Carrie Chutes, the director of food and retail services, said initiatives similar to Kinaara are part of an ongoing process of keeping students engaged and interested in what options they’re offered on campus.

“We are going to renew our relationship with Chartwells, so that will be for another extended period of time and with that will be ongoing refreshes and changes,” Chutes said. “So once that new term starts, then we’ll really look toward our students for the voice of what (they) would like to see next, what worked and what didn’t … we always like to keep everything fresh.”

Obaid said he hopes in the future the school will focus on offering other explicitly halal options on campus that expand beyond Indian food by partnering with established restaurant chains.

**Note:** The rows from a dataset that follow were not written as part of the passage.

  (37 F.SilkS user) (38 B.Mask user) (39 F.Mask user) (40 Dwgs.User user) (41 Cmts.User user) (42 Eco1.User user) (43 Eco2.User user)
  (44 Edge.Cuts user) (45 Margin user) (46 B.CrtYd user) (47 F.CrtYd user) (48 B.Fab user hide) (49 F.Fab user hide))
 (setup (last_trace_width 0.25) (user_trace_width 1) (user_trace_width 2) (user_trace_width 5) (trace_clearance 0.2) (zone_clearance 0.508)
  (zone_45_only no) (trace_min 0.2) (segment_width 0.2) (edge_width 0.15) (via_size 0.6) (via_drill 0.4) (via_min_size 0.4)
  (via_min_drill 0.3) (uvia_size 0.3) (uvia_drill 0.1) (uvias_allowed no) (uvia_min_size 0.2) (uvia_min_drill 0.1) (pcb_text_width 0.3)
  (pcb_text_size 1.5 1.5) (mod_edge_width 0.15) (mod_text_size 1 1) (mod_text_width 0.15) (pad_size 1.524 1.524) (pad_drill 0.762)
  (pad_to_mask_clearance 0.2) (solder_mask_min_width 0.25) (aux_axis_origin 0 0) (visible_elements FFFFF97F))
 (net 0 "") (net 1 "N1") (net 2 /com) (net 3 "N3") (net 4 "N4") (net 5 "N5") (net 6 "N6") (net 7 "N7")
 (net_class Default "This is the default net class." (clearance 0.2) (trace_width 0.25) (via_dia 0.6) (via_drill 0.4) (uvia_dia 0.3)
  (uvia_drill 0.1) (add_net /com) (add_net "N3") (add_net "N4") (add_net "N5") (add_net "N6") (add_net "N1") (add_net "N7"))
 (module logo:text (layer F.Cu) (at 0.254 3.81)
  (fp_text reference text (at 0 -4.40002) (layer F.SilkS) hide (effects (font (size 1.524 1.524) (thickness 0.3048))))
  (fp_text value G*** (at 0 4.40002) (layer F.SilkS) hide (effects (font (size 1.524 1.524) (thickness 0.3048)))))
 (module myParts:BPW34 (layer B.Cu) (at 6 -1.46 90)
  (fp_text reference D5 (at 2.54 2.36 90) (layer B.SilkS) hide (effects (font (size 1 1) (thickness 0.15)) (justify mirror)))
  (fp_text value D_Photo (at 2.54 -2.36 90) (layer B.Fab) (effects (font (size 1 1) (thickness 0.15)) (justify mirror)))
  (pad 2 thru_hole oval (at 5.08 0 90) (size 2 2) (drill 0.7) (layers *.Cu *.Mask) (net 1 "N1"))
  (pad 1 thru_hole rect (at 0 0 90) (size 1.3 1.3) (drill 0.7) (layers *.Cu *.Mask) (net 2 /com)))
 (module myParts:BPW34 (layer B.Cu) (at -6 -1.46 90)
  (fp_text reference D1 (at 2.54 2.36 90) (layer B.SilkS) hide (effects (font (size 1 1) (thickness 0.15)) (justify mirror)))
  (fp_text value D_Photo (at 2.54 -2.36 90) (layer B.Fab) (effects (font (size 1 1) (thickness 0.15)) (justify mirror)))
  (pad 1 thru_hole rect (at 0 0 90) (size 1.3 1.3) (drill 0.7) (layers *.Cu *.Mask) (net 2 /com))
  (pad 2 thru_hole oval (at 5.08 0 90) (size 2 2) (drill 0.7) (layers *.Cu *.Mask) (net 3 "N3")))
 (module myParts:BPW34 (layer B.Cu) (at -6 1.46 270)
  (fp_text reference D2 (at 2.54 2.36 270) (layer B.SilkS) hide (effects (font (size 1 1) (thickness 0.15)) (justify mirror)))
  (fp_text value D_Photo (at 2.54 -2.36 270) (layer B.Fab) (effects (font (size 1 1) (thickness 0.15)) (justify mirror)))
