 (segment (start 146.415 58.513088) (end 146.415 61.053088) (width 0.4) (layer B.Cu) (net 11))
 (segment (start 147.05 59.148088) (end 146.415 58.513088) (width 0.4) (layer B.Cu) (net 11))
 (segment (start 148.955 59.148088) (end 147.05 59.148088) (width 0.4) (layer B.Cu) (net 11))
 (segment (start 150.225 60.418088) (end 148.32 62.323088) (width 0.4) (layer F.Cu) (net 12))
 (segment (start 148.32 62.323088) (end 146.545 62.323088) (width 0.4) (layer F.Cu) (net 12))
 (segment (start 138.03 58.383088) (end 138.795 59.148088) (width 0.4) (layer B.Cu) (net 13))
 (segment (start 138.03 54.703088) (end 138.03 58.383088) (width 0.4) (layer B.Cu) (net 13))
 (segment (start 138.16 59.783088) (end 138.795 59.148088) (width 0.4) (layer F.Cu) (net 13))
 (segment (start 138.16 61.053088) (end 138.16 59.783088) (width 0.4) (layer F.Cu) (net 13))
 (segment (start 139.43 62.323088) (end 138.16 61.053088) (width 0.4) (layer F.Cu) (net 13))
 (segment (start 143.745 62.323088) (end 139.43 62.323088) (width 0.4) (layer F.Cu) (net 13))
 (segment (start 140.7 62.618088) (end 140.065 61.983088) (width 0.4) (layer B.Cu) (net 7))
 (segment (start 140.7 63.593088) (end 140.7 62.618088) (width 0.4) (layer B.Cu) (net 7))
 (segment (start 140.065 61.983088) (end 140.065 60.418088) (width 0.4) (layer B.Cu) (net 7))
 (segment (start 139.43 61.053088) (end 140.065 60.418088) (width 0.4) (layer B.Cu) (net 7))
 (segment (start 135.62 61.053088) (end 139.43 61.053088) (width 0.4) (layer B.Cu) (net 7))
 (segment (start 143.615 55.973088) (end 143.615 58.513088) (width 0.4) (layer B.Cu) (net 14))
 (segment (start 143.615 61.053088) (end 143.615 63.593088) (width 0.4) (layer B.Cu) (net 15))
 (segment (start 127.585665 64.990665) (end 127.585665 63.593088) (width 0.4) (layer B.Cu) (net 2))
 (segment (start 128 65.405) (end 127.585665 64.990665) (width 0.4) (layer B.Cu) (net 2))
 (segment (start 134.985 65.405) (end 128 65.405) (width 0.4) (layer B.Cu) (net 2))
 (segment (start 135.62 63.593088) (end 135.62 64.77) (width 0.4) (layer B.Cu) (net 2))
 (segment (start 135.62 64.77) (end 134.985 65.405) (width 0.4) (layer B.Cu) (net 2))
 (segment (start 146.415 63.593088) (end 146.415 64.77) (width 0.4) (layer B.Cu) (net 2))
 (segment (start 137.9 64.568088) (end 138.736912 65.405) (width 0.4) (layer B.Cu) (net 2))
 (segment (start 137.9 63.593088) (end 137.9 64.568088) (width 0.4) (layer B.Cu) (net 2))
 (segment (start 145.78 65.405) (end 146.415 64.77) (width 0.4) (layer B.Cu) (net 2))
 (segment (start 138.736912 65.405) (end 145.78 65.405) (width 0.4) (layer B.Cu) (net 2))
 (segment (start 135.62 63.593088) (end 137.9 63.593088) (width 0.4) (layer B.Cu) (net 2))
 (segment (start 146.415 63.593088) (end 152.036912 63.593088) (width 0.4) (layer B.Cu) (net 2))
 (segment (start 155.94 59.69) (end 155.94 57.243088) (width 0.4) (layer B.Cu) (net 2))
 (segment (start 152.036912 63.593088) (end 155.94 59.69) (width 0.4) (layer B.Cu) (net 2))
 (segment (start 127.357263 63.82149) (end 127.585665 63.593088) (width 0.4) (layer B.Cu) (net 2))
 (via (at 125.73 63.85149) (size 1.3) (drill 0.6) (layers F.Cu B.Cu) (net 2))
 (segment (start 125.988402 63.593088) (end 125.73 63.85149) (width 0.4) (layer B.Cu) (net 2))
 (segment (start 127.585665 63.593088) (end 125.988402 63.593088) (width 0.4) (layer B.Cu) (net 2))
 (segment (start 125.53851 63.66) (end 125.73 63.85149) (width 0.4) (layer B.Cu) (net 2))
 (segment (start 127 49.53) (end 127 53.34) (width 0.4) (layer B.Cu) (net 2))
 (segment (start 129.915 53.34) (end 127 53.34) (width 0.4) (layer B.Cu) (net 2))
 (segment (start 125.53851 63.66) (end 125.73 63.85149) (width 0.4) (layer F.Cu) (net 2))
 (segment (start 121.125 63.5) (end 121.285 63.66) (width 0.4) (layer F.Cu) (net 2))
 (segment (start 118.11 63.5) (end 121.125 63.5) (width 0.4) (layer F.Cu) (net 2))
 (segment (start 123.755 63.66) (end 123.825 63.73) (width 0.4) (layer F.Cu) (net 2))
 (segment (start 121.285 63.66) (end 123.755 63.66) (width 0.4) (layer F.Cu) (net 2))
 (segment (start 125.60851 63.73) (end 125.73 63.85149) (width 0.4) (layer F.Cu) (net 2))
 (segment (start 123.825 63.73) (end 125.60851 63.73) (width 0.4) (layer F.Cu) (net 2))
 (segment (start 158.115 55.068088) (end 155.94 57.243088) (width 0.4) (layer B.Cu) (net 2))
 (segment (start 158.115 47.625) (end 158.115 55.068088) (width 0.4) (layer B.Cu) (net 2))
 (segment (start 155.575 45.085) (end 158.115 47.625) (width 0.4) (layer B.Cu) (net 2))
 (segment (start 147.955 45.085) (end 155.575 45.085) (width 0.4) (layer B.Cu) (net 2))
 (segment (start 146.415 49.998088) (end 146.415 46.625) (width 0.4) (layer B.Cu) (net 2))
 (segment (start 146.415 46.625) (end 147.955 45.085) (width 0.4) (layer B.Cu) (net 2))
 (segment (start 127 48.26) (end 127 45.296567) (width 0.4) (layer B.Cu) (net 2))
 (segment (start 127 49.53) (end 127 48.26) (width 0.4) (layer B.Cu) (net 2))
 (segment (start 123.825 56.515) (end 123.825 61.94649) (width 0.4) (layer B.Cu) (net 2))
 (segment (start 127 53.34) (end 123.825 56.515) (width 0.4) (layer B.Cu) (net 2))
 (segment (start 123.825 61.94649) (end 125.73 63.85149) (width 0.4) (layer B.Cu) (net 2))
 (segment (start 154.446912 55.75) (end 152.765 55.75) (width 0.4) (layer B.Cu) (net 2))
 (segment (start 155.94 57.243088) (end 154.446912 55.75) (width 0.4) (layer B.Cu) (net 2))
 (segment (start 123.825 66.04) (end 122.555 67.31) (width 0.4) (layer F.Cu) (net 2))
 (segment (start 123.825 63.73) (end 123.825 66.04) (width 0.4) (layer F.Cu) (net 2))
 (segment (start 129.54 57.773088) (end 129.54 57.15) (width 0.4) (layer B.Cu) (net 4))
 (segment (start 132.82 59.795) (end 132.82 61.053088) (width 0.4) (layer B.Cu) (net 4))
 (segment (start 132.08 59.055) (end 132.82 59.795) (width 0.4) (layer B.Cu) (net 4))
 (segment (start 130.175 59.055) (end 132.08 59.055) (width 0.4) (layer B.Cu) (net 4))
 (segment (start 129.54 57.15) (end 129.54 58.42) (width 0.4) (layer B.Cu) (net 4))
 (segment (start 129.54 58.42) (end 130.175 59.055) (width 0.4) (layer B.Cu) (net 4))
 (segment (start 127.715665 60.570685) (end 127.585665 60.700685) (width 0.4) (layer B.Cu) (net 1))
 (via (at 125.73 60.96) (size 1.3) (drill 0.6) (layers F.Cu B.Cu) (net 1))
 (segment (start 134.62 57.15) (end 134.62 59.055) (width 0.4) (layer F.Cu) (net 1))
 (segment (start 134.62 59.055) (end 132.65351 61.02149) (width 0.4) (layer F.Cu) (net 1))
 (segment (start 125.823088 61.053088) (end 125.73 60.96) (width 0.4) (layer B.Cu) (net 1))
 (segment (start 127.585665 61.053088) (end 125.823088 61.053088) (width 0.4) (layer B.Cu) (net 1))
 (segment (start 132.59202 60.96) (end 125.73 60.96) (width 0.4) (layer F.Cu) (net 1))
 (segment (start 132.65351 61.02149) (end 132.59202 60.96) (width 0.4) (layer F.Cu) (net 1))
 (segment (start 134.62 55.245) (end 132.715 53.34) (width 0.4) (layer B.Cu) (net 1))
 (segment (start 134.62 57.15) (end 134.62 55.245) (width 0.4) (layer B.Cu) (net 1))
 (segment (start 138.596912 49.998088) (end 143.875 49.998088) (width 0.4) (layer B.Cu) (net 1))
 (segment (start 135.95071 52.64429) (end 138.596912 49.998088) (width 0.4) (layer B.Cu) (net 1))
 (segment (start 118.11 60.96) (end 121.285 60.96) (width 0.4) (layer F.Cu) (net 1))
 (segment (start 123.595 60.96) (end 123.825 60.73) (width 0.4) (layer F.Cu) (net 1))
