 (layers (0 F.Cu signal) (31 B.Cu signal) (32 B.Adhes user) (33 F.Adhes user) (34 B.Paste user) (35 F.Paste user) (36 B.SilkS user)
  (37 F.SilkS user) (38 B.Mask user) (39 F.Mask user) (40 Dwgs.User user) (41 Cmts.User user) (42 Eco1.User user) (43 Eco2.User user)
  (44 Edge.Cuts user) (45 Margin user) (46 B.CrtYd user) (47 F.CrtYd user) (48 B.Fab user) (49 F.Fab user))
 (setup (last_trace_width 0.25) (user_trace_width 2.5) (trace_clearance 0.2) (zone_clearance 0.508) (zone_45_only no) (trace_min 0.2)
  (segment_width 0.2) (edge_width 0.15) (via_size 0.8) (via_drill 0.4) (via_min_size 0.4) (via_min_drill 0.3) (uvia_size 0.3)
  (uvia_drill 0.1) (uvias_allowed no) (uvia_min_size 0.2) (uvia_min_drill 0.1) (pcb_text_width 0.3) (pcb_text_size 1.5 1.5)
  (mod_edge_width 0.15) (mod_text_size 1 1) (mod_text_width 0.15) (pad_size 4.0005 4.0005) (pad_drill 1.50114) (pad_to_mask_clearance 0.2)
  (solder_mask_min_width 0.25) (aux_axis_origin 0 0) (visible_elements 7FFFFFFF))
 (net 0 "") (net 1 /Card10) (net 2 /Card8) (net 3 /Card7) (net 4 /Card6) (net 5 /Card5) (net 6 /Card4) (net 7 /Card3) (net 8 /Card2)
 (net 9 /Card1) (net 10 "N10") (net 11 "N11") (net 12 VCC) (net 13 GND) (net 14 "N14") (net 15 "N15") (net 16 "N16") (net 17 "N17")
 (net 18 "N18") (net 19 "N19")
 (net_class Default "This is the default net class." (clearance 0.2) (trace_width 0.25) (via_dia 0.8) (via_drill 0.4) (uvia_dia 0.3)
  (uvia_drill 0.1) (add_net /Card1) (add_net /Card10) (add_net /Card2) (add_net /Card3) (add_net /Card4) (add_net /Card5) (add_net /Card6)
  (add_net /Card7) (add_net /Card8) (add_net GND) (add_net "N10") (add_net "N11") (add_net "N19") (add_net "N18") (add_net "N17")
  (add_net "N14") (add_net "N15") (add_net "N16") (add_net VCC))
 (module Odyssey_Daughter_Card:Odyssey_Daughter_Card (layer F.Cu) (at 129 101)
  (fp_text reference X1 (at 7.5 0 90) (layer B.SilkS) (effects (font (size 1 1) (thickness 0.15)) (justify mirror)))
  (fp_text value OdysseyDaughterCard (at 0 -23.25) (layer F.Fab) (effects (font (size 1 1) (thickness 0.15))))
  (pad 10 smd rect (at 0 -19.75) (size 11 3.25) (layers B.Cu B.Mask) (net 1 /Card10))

“I feel like it’s a big demographic that they’re hitting because, obviously, this school has a lot of Asians and South Asians that will love to check this out,” Obaid said. “Kinaara’s presentation is really nice. The school is going in a good direction to cater to all the different ethnicities.”

Goodwin said Chartwells is interested in the feedback of students and commits to monthly student advisory committee meetings as well as semester surveys to ensure the interests of students are heard. The next Student Advisory Committee meeting will be held Nov. 5 in SSA 14.244.

“I oftentimes say that this dining program is totally customizable to what a student is looking for,” Goodwin said. “That’s my goal and vision. So oftentimes if a certain student or organization is looking for something, we want to hear that so we can alter and change our plan moving forward for the upcoming semester.”